Tuesday, April 20, 2010

The Wolf Man-- Or Was He The Wimp Man?







4/20/2010

As promised-- The Wolf Man.
When I was a kid, fourth grade or so, monster movies were all the rage. Long discussions took place about who was the baddest-ass monster, usually involving the big four; Frankenstein's monster, Dracula, the Wolf Man, and the Mummy. Now this was before monster movies started being remade weekly. After the movies of the 30's like Frankenstein and Dracula, and the 1941 Wolf Man and the countless sequels like Bride of Frankenstein and the Wolf Man Meets Abbot and Costello, most of the rest of the films that featured monsters were morality tales about the danger of nuclear proliferation. Sci-fi monsters-- giant crabs and the like were pretty unscary. Except for Invasion of the Body Snatchers and The Thing, most of the later so-called monster movies didn't really scare kids.

Now Dracula was really cool and sinister if not all that scary. Frankenstein was something you couldn't watch by yourself, and even a whole family of cowboys couldn't stop that guy.
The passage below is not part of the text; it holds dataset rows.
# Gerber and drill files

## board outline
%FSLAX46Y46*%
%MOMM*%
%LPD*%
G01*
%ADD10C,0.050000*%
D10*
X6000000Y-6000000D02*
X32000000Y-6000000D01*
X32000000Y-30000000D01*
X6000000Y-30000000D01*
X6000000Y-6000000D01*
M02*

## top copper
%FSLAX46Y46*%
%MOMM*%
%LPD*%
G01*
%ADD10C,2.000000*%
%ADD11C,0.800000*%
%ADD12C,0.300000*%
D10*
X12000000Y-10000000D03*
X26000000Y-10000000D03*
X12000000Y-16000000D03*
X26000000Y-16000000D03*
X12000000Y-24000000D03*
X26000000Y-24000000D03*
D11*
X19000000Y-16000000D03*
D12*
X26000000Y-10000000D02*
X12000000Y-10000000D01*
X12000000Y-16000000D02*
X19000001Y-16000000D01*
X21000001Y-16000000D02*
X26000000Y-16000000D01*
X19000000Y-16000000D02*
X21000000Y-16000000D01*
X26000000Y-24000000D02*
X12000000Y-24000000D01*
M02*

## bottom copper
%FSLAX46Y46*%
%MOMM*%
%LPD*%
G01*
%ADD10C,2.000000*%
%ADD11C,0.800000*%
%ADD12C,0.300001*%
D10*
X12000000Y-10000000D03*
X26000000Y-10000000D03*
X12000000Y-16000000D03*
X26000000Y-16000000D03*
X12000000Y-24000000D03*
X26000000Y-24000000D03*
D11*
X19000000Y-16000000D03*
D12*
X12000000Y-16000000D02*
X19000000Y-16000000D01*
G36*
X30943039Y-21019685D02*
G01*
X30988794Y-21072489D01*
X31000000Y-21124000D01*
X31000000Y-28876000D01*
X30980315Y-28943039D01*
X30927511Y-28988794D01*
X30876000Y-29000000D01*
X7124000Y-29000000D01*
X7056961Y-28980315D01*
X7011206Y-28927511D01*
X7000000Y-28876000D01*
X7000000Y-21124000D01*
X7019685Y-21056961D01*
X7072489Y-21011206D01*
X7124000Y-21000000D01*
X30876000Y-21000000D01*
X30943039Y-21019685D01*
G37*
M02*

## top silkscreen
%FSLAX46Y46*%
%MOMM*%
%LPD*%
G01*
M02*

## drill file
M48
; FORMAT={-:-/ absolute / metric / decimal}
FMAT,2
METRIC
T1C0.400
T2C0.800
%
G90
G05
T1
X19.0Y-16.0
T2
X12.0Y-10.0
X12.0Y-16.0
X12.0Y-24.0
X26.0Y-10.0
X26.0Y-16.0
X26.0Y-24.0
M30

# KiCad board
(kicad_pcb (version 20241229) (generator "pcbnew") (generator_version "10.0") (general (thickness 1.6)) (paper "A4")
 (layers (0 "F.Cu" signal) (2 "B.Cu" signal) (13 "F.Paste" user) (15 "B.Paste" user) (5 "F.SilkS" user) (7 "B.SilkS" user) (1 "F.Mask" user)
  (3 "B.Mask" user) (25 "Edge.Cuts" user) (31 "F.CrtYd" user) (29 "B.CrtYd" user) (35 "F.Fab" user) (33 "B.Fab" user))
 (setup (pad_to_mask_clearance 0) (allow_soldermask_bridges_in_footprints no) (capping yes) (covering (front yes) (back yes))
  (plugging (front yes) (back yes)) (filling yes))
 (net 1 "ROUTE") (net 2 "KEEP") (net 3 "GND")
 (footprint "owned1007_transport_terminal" (layer "F.Cu") (at 12 10)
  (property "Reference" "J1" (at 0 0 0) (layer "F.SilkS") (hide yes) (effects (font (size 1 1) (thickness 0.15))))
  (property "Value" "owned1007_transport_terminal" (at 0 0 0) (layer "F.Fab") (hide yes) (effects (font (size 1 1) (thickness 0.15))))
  (pad "1" thru_hole circle (at 0 0) (size 2 2) (drill 0.8) (layers "*.Cu" "*.Mask") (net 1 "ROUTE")))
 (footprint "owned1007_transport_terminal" (layer "F.Cu") (at 26 10)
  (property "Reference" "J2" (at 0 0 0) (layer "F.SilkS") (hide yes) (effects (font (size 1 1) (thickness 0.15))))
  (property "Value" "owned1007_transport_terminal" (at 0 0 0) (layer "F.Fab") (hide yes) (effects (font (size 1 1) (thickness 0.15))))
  (pad "1" thru_hole circle (at 0 0) (size 2 2) (drill 0.8) (layers "*.Cu" "*.Mask") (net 1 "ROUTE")))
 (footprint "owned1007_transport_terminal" (layer "F.Cu") (at 12 16)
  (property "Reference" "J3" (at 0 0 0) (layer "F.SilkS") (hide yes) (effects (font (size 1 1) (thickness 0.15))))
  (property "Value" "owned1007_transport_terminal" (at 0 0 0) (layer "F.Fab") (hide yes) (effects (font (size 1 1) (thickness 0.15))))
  (pad "1" thru_hole circle (at 0 0) (size 2 2) (drill 0.8) (layers "*.Cu" "*.Mask") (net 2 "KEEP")))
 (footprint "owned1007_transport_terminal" (layer "F.Cu") (at 26 16)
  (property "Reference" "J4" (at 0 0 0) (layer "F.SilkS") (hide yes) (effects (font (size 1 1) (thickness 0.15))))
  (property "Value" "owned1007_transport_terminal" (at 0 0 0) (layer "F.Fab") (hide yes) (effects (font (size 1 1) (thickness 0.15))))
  (pad "1" thru_hole circle (at 0 0) (size 2 2) (drill 0.8) (layers "*.Cu" "*.Mask") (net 2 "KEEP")))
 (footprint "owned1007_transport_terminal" (layer "F.Cu") (at 12 24)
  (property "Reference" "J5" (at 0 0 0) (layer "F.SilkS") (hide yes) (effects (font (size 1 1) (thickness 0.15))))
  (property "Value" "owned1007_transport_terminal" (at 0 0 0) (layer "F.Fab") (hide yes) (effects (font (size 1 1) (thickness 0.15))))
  (pad "1" thru_hole circle (at 0 0) (size 2 2) (drill 0.8) (layers "*.Cu" "*.Mask") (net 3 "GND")))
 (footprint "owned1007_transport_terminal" (layer "F.Cu") (at 26 24)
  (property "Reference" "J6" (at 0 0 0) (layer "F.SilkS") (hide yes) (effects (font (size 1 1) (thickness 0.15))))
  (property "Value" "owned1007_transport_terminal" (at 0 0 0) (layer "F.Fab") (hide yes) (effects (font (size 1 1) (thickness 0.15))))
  (pad "1" thru_hole circle (at 0 0) (size 2 2) (drill 0.8) (layers "*.Cu" "*.Mask") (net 3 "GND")))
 (gr_rect (start 6 6) (end 32 30) (stroke (width 0.05) (type default)) (fill none) (layer "Edge.Cuts"))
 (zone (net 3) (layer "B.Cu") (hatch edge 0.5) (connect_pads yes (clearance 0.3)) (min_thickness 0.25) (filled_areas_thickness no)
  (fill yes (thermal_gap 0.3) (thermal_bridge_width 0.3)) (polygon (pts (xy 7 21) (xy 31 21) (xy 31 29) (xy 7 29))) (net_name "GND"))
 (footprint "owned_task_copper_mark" (layer "F.Cu") (at 10 28)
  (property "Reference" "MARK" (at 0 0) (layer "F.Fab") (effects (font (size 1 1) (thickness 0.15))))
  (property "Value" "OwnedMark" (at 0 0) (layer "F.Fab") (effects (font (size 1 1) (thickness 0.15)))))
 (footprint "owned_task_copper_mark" (layer "F.Cu") (at 13 28)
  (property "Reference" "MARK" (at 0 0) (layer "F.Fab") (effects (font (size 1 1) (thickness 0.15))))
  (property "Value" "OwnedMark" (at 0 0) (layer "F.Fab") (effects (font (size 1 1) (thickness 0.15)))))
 (segment (start 26 10) (end 12 10) (width 0.3) (layer "F.Cu") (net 1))
 (segment (start 12 16) (end 19.000001 16) (width 0.3) (layer "F.Cu") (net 2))
 (segment (start 21.000001 16) (end 26 16) (width 0.3) (layer "F.Cu") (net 2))
 (segment (start 19 16) (end 21 16) (width 0.3) (layer "F.Cu") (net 2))
 (via (at 19 16) (size 0.8) (drill 0.4) (layers "F.Cu" "B.Cu") (free yes) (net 2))
 (segment (start 12 16) (end 19 16) (width 0.300001) (layer "B.Cu") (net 2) (locked yes))
 (segment (start 26 24) (end 12 24) (width 0.3) (layer "F.Cu") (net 3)))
When I was a kid, Frankenstein cost me a lot of sleep. The Mummy again wasn't so scary for me, and he was slow. The Wolf Man didn't do much for me. He didn't make me want to puke or lie awake waiting for him to come. The Wolf Man was a wimp.
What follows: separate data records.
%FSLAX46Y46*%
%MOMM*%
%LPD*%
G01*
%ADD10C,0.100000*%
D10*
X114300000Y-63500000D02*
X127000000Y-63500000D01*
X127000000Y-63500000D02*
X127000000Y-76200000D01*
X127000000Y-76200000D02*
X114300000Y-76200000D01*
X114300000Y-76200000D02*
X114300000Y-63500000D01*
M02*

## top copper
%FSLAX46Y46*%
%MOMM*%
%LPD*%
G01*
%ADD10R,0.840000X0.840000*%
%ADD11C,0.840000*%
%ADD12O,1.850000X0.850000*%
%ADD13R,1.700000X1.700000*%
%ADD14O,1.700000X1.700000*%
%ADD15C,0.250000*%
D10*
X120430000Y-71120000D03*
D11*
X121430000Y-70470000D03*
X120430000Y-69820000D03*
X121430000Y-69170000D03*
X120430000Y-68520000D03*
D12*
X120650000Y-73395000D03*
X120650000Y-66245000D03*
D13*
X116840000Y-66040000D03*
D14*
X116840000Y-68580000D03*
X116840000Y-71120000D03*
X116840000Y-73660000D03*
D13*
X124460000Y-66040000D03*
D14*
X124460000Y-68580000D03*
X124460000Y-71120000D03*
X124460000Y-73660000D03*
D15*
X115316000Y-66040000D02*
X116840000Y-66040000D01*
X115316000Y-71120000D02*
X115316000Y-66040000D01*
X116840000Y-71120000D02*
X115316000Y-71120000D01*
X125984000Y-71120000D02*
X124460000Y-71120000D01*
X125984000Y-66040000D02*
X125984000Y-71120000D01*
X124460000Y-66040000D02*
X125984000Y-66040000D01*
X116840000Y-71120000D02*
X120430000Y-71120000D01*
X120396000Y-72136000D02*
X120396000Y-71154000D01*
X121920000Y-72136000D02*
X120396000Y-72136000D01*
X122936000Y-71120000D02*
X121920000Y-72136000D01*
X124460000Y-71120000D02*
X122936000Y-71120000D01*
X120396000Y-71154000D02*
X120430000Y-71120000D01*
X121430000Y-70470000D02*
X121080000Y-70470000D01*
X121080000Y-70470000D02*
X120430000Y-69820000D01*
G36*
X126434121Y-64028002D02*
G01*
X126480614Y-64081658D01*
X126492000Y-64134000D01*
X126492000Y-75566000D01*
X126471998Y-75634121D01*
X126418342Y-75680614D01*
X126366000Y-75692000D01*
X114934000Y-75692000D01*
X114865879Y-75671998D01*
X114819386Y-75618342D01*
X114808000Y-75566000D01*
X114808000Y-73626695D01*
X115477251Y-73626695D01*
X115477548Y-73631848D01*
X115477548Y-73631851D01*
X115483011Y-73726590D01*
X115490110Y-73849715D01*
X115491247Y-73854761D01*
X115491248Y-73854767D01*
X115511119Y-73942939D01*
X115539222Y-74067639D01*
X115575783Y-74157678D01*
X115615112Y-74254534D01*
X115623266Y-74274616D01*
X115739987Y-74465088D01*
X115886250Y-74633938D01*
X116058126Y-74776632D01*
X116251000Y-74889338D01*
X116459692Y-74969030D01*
First the movie had a 40's sensibility. While pre-code Dracula and Frankenstein's monster chased around babes in nightgowns, the Wolf Man chased women who reminded me of the Andrew's sisters-- for those of you who are younger, that is not a good thing. And boo-hoo, the Wolf Man didn't want to be a monster. Once monthly this guy had a problem, and he agonized over it the whole darn movie! Come on.
I can't imagine Dracula or Frankenstein's monster complaining like this guy. I mean Frankie's monster didn't ask to be reanimated. Boris Karloff as the monster showed his confusion and humanity if you will, but even if the monster could articulate his feelings, I doubt he would belly-ache about his problems like Lon Chaney Jr. as the Wolf Man. Dracula never once complained about his blood-lust.
The Wolf Man set in motion a whole, unappetizing series of monsters full of angst that continues even today. Vampires are tortured souls. Wolfmen are tortured souls. Even Frankenstein's monster is a tortured soul-- more in keeping with the original Mary Shelly monster admittedly, but unappealing nonetheless.
Give me Bela Lugosi every time. He had no problem draining every last drop of not only blood but virginity out of Miss Lucy. Now that's a monster! No belly-aching. No whining about his monsterness. No siree. Just lust and blood!
Frankenstein's monster too could throw the wood-cutter's daughter into the pond just like a flower. No agonizing. Hey, I misunderstood. I thought she could float. I got a bad brain-- now where's my master's bride, I'm feeling kinda lonely.
Imagine Bernie Madoff acting like the Wolf Man. No way right? Now there's a monster. "I didn't mean to do it, but I'd do it again in a hot minute." We need monsters. The world needs monsters. Who wants to take their time "understanding" mortgage bankers and the snake-oil salesmen who, much like Dracula, steal some poor dying bastard's last dime. Hey, I don't care how come you're a monster, I want my money back. We need monsters because when trouble comes, even when we thought 50% annual return on investment was possible, someone has to be blamed. I'm not trying to be sarcastic. We want to grab the torches and chase down the monster into the old windmill and burn the s.o.b. alive. You fooled us, now shut up and take your medicine.
Am I ranting? Perhaps. But give me my monsters the old-fashioned way. Monsterous. Unrepentant.
Now if Lon Chaney Jr. had changed into a pit bull perhaps I would've been scared.